Proposals by Opposition leader Tony Abbott and NSW Premier Barry O’Farrell for greater rigour in evaluating major projects are a step in the right direction when it comes to policy-making on infrastructure development in Australia.
Having organisations that provide a breadth of perspective to inform government decisions is a good idea.
Having them develop long-term plans that order projects by priority also has merit. It would mean for example that during episodes such as the GFC, when a government was looking to spend on infrastructure projects to stimulate the economy, projects could be chosen quickly and in a way that would be consistent with the national interest.
Most importantly, it is impossible to argue with the proposition that a major infrastructure project should be evaluated according to whether it will provide benefits to Australian society that outweigh its costs, and that the results from this cost-benefit test should be made publicly available.
NBN - good and bad
Saying that infrastructure projects will be subject to cost-benefit analysis should be however just the beginning of a policy, rather than the end of that policy. Because a well-designed policy also needs to provide a protocol for how that cost-benefit analysis is to be done.
Doing cost-benefit analysis is as much an art as a science. There is no algorithm or computer program that can be used to work out the costs and benefits of a project.
Instead, doing cost-benefit analysis requires many judgements and assumptions. Making these judgments introduces plenty of scope for getting different results. And as Campbell’s Law states: “The more any quantitative social indicator is used for social decision-making, the more subject it will be to corruption pressures”.
I am confident for example that it would be possible to do a cost-benefit analysis of the NBN with the conclusion that it provides a net gain to Australian society; and equally confident an analysis could be done that would get the opposite result.
So what is needed is a protocol that would provide detailed guidelines on how a cost-benefit analysis of any major project should be done.
Here is an example of an issue that could arise in doing a cost-benefit analysis. Suppose an infrastructure project is going to have an adverse effect on the natural environment.
Then we would want to include that effect as a cost of the project to society. But how to value the cost?
There is no market where we can go to observe how much a unit of ‘environment’ sells for, as a way of working out the cost to society of the damage.
Instead we might choose to use a method known as contingent valuation. A representative sample of the Australian population who will be affected by the environmental damage is presented with a scenario that describes how the project would affect the environment, and asked what they would be willing to pay to prevent that damage occurring.
This solves our problem of needing an estimate of the environmental cost of the project. However it’s well-known that the estimate we get will vary with exactly how the contingent valuation survey is done.
Consider how the environmental damage is described – make this sound worse and respondents are likely to say they are willing to pay more to prevent the damage; make it seem benign and the estimated cost of damage will be less.

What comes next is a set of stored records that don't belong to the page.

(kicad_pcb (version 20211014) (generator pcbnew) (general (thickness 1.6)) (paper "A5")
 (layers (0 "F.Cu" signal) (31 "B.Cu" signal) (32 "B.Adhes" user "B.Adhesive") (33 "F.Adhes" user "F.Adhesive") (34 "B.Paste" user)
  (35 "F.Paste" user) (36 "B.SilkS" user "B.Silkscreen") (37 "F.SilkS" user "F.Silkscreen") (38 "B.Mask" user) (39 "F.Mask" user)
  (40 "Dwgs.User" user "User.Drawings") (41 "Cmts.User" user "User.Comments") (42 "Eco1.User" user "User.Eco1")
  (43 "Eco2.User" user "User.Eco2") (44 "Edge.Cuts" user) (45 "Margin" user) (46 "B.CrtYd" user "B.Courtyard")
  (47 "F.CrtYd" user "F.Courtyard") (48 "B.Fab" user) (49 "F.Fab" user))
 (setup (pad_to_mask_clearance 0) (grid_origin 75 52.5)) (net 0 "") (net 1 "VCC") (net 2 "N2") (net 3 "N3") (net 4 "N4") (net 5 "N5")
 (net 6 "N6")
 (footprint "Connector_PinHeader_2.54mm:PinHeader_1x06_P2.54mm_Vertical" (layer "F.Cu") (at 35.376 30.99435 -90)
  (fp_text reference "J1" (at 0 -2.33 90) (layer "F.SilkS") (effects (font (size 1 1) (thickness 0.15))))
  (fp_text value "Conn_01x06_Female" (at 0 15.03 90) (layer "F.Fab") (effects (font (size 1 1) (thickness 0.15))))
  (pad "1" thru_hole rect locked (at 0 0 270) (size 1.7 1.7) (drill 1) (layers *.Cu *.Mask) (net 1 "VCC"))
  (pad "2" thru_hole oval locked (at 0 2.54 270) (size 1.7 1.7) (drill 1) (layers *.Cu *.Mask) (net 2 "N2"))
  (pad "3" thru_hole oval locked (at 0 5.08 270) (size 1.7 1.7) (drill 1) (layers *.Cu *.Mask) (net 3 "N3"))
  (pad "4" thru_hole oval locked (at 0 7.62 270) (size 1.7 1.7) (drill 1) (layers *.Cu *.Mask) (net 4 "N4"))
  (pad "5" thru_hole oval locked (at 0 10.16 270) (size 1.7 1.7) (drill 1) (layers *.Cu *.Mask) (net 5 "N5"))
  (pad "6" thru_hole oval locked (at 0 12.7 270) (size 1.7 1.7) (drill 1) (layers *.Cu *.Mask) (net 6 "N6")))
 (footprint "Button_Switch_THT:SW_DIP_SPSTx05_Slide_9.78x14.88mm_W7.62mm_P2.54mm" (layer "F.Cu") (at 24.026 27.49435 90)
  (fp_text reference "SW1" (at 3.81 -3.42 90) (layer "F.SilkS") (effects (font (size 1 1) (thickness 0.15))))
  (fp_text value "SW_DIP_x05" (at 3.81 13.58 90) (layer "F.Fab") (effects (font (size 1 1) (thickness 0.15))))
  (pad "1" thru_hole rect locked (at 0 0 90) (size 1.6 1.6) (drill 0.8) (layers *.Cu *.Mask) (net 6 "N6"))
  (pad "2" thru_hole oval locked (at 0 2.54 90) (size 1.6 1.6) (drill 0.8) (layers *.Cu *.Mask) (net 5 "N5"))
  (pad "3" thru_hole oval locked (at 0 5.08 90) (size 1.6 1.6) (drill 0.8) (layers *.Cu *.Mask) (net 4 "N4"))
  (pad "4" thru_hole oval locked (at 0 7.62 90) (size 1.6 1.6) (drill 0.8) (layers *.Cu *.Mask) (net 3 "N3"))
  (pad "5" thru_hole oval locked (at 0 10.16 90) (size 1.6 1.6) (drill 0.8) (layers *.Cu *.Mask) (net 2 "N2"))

Recognising that in many situations contingent valuation was the best available method for measuring costs or benefits associated with goods or services not traded in markets, but also aware of how the method could be misused, in 1993 the National Oceanic and Atmospheric Administration sought the advice of an expert panel (including two Nobel prize winners) on the proper way to use contingent valuation.
The panel developed guidelines on best practice in using the method, covering aspects such as how to interview survey participants, how to describe the scenario, and how to ask participants their value of the good or service being studied.
These NOAA guidelines have since become a standard benchmark for judging the validity of cost-benefit studies that use contingent valuation.
They provide a valuable example of what a protocol for doing cost-benefit analysis on major projects in Australia might look like.
Weighing up costs
Another example of an issue that can arise in doing cost-benefit analysis is how to weight the benefits received from a project (or costs incurred) by different members of society.
Suppose that there are two rail lines which can be built at the same cost, one to a high-income suburb, and the other to a low-income suburb, both of which provide benefit to residents in the suburb of $200m.
Should these projects be judged as equivalent, or should a dollar of benefit to low income households be regarded as better for society than a dollar of benefit to high income households?
Whatever we decide is the appropriate way to value benefits received by different groups in society will affect the ranking we make of projects.
What we learn from these examples is that for cost-benefit analysis to be a useful basis for decision-making, it is essential to have a well-argued and consistently applied protocol for how to do that analysis.
In addition, by publicly releasing each cost-benefit analysis, it would be possible to check that the protocol had been followed.
We could then be assured that any project a government had decided to fund had been properly evaluated. On this latter criterion, Barry O’Farrell’s policy, which includes releasing the cost-benefit analysis, is to be preferred to that of Tony Abbott, which as announced thus far, would be restricted to releasing just the final result.
Cost-benefit analysis can be the foundation of an improved approach for decision-making on infrastructure development in Australia. But cost-benefit is not a magic bullet.
It will only help if it is used in a careful and rigorous manner. This requires that Infrastructure Australia adopt and follow a protocol for doing cost-benefit analysis.
Without such a protocol Infrastructure Australia itself would be likely to fail a cost-benefit test.